MAPP Online Pro Acoustical Information

Surfaces

Currently surfaces that have been activated, and for which a material was chosen, model only the first reflection from each surface by generating a single image source for each loudspeaker on the other side of that surface. Surface materials are modeled by multiplying the frequency response of each image loudspeaker by a magnitude only frequency response representing the material. The frequency response of each material is interpolated up from octave band absorption values taken from standard acoustical texts. The initials at the end of the material name indicate which book they are from:

CH = Cyril Harris, "Handbook of Acoustical Measurements and Noise Control", Third Edition, Acoustical Society of America, 1998.
LB = Leo Beranek, "Acoustics", Acoustical Society of America, 1996.
KF = Kinsler, L, Frey, A, et al., "Fundamentals of Acoustics", Fourth Edition, John Wiley and Sons, 2000.

Sound Field Scaling

Sound field predictions are normalized such that the largest value in the sound field is set to 0 dB. The dynamic range of the sound field plot is 42 dB. Positions in the sound field that are more than 42 dB down from the maximum are displayed with the darkest color blue from the colorbar.

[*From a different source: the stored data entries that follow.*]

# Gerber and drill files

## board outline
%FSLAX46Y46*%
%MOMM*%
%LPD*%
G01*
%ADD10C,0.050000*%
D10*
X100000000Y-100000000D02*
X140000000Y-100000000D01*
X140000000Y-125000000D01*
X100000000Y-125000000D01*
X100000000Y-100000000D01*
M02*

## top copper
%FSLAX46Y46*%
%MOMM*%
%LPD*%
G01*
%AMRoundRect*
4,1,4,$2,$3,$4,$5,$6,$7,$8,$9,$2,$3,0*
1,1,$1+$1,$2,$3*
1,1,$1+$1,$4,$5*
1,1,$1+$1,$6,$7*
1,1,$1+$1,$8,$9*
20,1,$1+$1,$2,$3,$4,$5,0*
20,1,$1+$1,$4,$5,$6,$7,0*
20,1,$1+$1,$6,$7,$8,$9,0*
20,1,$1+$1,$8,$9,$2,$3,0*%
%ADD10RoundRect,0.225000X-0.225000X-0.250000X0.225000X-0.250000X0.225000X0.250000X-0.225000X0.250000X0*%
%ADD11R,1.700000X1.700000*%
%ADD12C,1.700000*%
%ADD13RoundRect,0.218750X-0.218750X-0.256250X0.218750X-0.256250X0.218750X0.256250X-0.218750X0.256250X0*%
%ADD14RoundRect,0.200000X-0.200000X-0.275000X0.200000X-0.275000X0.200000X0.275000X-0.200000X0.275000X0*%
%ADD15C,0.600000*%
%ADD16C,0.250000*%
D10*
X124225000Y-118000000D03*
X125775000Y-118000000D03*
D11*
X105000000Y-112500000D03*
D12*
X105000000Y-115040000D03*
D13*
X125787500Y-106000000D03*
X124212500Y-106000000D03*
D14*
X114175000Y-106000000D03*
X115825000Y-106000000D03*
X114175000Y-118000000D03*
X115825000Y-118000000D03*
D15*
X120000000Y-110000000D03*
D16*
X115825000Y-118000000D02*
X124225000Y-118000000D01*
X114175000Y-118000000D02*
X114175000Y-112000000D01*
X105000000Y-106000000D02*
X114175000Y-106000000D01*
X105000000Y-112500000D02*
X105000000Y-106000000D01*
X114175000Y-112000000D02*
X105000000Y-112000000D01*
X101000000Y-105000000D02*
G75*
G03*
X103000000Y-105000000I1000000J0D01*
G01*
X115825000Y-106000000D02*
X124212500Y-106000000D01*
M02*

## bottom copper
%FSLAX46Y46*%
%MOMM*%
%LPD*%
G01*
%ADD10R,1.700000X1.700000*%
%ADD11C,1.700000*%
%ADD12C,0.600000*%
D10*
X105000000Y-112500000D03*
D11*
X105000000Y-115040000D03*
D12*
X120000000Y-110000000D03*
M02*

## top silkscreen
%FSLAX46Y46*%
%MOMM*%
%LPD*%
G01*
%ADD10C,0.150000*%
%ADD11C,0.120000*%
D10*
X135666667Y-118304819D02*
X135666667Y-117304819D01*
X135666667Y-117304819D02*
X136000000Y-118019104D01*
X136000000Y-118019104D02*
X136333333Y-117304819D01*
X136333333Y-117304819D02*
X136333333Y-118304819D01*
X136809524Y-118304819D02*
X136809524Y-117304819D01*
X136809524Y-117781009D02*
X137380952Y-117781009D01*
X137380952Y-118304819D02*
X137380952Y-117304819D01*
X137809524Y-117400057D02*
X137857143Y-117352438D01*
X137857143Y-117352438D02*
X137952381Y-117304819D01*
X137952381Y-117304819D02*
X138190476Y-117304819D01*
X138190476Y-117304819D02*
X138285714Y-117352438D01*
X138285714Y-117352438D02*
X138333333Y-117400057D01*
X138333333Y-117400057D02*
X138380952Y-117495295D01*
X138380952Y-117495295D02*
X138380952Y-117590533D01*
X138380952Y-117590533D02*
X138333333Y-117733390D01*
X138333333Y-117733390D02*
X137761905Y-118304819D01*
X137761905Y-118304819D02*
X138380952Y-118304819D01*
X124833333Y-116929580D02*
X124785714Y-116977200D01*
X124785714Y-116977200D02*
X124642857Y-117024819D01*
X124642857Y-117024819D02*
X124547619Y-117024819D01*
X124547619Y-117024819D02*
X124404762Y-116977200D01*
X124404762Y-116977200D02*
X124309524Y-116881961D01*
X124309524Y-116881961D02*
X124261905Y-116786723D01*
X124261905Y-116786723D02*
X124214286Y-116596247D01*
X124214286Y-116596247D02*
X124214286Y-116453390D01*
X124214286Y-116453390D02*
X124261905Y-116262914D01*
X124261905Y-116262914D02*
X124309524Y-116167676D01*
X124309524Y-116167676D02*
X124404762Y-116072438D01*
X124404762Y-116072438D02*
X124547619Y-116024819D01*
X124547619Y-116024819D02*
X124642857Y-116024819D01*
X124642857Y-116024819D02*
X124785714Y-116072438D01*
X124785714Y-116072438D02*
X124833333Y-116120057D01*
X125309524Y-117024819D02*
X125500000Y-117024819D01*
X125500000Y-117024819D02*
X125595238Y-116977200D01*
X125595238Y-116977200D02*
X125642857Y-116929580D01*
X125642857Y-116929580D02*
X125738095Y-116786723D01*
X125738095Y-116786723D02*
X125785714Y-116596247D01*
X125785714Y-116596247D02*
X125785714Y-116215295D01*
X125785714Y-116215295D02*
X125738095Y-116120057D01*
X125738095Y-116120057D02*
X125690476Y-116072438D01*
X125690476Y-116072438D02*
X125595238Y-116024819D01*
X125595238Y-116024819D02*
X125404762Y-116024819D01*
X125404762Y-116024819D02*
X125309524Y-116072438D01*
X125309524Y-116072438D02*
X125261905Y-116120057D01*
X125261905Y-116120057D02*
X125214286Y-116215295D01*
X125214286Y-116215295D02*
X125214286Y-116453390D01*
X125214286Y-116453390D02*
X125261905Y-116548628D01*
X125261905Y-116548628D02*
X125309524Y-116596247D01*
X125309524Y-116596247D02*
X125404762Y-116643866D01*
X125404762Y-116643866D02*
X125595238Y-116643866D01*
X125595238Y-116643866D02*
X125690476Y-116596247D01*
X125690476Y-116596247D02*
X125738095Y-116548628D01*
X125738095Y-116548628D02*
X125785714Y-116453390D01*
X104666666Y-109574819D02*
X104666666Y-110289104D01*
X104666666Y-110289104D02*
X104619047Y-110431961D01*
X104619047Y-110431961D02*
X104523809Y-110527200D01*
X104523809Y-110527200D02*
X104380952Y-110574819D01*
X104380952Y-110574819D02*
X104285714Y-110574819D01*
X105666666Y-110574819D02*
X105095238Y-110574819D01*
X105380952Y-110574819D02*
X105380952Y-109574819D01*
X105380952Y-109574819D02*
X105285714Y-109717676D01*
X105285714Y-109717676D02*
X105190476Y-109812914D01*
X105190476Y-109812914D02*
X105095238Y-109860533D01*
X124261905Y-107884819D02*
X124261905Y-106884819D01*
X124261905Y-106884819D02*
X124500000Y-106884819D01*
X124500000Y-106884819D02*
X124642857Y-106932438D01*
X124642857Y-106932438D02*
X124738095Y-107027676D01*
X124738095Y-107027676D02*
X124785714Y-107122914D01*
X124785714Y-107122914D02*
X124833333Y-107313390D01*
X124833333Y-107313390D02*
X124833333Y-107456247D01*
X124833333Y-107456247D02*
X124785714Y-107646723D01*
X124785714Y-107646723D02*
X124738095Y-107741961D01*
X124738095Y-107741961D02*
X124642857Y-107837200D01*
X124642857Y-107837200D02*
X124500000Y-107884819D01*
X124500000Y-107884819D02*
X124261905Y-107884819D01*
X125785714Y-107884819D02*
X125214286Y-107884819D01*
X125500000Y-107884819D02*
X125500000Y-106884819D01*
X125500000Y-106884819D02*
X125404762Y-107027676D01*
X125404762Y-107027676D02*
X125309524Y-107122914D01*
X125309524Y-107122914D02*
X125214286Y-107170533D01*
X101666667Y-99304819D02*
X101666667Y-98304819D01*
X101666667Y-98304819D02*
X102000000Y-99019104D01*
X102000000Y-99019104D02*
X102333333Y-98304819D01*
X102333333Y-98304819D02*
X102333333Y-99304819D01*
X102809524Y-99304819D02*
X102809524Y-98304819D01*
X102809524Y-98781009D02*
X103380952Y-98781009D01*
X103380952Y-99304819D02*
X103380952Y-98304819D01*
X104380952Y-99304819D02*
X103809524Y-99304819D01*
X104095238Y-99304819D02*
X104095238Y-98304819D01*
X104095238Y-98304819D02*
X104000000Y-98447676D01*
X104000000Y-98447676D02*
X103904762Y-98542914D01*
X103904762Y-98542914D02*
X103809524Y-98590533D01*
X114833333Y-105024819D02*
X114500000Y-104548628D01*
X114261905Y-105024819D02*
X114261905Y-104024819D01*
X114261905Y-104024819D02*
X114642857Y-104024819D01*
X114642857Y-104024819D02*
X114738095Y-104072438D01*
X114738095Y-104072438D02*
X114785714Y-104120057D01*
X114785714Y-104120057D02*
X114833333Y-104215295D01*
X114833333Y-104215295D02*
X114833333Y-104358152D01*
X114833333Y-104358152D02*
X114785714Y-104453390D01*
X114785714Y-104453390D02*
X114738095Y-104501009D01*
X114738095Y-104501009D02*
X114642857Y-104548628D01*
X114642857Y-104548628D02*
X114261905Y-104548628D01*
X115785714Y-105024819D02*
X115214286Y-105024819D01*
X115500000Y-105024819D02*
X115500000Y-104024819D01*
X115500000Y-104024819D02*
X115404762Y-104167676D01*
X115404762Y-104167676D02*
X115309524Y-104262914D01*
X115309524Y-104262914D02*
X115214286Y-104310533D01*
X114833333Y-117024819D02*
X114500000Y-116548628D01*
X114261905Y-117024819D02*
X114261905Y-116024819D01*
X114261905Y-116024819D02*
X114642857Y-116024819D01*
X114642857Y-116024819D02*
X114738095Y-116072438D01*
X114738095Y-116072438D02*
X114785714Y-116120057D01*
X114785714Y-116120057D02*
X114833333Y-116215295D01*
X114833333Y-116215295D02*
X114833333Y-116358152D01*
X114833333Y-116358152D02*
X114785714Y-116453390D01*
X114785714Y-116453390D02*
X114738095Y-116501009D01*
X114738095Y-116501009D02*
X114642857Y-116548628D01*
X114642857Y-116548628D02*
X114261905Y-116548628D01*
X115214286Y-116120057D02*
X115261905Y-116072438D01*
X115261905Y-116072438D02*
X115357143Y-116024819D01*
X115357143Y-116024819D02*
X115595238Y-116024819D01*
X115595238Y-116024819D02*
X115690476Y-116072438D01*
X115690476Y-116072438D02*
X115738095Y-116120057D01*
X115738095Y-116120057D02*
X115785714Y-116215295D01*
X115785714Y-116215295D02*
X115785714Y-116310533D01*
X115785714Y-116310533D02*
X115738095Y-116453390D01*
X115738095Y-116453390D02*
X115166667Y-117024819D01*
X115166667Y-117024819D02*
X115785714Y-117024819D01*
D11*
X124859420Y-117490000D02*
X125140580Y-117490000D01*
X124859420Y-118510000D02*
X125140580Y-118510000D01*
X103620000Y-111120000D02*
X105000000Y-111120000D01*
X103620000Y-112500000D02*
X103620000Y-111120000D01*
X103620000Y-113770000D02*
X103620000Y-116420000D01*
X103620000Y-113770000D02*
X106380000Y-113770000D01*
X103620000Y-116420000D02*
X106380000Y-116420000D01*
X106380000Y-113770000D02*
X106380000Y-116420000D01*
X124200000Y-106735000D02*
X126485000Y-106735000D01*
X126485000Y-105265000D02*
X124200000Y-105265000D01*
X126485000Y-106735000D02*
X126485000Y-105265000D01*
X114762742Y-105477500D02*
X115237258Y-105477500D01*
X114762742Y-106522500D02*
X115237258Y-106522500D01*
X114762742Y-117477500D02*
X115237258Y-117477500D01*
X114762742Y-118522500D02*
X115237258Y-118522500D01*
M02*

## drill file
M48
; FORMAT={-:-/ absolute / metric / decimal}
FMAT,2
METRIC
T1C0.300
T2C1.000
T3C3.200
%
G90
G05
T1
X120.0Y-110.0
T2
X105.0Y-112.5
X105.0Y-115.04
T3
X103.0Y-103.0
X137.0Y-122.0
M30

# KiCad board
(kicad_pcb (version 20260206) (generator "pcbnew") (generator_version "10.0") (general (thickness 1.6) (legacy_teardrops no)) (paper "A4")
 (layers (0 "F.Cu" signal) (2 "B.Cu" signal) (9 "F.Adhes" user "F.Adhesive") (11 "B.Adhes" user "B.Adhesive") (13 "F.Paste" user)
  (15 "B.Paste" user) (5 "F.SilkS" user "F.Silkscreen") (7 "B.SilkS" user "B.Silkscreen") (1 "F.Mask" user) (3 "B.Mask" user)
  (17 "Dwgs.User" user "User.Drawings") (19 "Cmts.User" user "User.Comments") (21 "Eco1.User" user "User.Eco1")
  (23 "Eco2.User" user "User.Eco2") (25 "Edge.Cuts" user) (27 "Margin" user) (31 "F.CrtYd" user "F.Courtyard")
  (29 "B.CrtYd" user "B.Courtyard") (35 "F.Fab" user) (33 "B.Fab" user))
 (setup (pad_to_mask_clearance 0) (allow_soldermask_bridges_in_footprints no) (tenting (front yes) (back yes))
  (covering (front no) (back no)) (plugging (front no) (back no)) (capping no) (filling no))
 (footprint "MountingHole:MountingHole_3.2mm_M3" (layer "F.Cu") (at 137 122)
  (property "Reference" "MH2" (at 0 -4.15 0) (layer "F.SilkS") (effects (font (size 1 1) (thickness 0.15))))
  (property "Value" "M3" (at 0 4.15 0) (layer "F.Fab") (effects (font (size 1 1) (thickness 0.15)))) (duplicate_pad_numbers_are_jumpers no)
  (pad "" np_thru_hole circle (at 0 0) (size 3.2 3.2) (drill 3.2) (layers "*.Cu" "*.Mask")))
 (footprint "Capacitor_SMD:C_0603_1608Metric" (layer "F.Cu") (at 125 118)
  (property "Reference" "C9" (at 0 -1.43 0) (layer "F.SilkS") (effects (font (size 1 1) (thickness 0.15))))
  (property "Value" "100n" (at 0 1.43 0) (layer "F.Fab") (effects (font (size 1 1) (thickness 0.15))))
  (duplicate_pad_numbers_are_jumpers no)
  (fp_line (start -0.14058 -0.51) (end 0.14058 -0.51) (stroke (width 0.12) (type solid)) (layer "F.SilkS"))
  (fp_line (start -0.14058 0.51) (end 0.14058 0.51) (stroke (width 0.12) (type solid)) (layer "F.SilkS"))
  (pad "1" smd roundrect (at -0.775 0) (size 0.9 0.95) (layers "F.Cu" "F.Mask" "F.Paste") (roundrect_rratio 0.25) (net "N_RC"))
  (pad "2" smd roundrect (at 0.775 0) (size 0.9 0.95) (layers "F.Cu" "F.Mask" "F.Paste") (roundrect_rratio 0.25) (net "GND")))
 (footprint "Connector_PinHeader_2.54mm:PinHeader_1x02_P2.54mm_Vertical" (layer "F.Cu") (at 105 112.5)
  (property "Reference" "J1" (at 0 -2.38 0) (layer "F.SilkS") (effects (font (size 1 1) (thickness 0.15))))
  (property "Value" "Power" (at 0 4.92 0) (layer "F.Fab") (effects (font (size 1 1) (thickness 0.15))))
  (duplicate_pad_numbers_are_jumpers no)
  (fp_line (start -1.38 -1.38) (end 0 -1.38) (stroke (width 0.12) (type solid)) (layer "F.SilkS"))
  (fp_line (start -1.38 0) (end -1.38 -1.38) (stroke (width 0.12) (type solid)) (layer "F.SilkS"))
  (fp_line (start -1.38 1.27) (end -1.38 3.92) (stroke (width 0.12) (type solid)) (layer "F.SilkS"))
  (fp_line (start -1.38 1.27) (end 1.38 1.27) (stroke (width 0.12) (type solid)) (layer "F.SilkS"))
  (fp_line (start -1.38 3.92) (end 1.38 3.92) (stroke (width 0.12) (type solid)) (layer "F.SilkS"))
  (fp_line (start 1.38 1.27) (end 1.38 3.92) (stroke (width 0.12) (type solid)) (layer "F.SilkS"))
  (pad "1" thru_hole rect (at 0 0) (size 1.7 1.7) (drill 1) (layers "*.Cu" "*.Mask") (remove_unused_layers no) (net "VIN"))
  (pad "2" thru_hole circle (at 0 2.54) (size 1.7 1.7) (drill 1) (layers "*.Cu" "*.Mask") (remove_unused_layers no) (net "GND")))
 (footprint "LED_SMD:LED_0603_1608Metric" (layer "F.Cu") (at 125 106 180)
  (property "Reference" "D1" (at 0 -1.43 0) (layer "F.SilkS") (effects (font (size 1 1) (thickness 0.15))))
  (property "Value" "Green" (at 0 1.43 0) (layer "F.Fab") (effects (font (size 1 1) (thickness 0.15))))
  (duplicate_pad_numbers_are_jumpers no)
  (fp_line (start 0.8 -0.735) (end -1.485 -0.735) (stroke (width 0.12) (type solid)) (layer "F.SilkS"))
  (fp_line (start -1.485 0.735) (end 0.8 0.735) (stroke (width 0.12) (type solid)) (layer "F.SilkS"))
  (fp_line (start -1.485 -0.735) (end -1.485 0.735) (stroke (width 0.12) (type solid)) (layer "F.SilkS"))
  (pad "1" smd roundrect (at -0.7875 0) (size 0.875 0.95) (layers "F.Cu" "F.Mask" "F.Paste") (roundrect_rratio 0.25) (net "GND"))
  (pad "2" smd roundrect (at 0.7875 0) (size 0.875 0.95) (layers "F.Cu" "F.Mask" "F.Paste") (roundrect_rratio 0.25) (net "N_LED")))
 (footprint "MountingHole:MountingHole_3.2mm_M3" (layer "F.Cu") (at 103 103)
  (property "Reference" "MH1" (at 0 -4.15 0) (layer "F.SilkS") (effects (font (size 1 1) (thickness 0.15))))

Frequency Response Scaling

Frequency Response data is normalized to 0 dB at 1000 Hz. This is important to keep in mind when comparing two or more frequency responses. Because the third-octave band spectrum is displayed in absolute dB SPL, it is often more intuitive to compare Band Spectra.

Meyer Sound Loudspeaker Data

The apparatus used to measure the polar response of each loudspeaker model consists of a Meyer Sound SIM System II analyzer, a Bruel & Kjaer 4133 omnidirectional measurement microphone, a B&K 2639 preamplifier, and a B&K 2807 power supply.

Each loudspeaker is placed in an anechoic chamber on an automated turntable positioner (accurate to within 0.1 degrees rotation), with the microphone placed 4 meters away from the geometric center of the loudspeaker.

The turntable is rotated through a full 360-degree arc with 1-degree increments. This measurement is performed once along the horizontal on-axis plane, and again (separately) along the vertical on-axis plane.

A piecewise approximation to a constant-Q transform is utilized in the measurement so that the frequency resolution is consistent across the full frequency range. This transform affords greater than 1/36th-octave resolution from 20 Hz to 20 kHz.

The microphone to preamp sensitivity is 11.5 mV / pa (or -38.8 dBV @ 94 dB SPL, when expressed logarithmically). This sensitivity becomes part of the measured polar response transfer function data that MAPP Online Pro uses for each loudspeaker model.

SPL Calibration

The Meyer Sound loudspeakers available in MAPP Online Pro have had their maximum linear-frequency-weighted, slow-time-weighted, average SPL measured at two meters while being driven with pink noise at the onset of limiting. This is done by driving the loudspeaker with a pink noise signal, increasing the amplitude of the noise, and watching the level of the frequency response in the SIM analyzer.

Because a frequency response measures the ratio of output to input, if the loudspeaker is functioning linearly, increasing the input will cause a proportional increase in the output and the frequency response will not change. As the input level is increased you eventually reach a point where the speaker can no longer reproduce the highest peaks. Because the input increased, but the output doesn't increase due to limiting, the frequency response decreases.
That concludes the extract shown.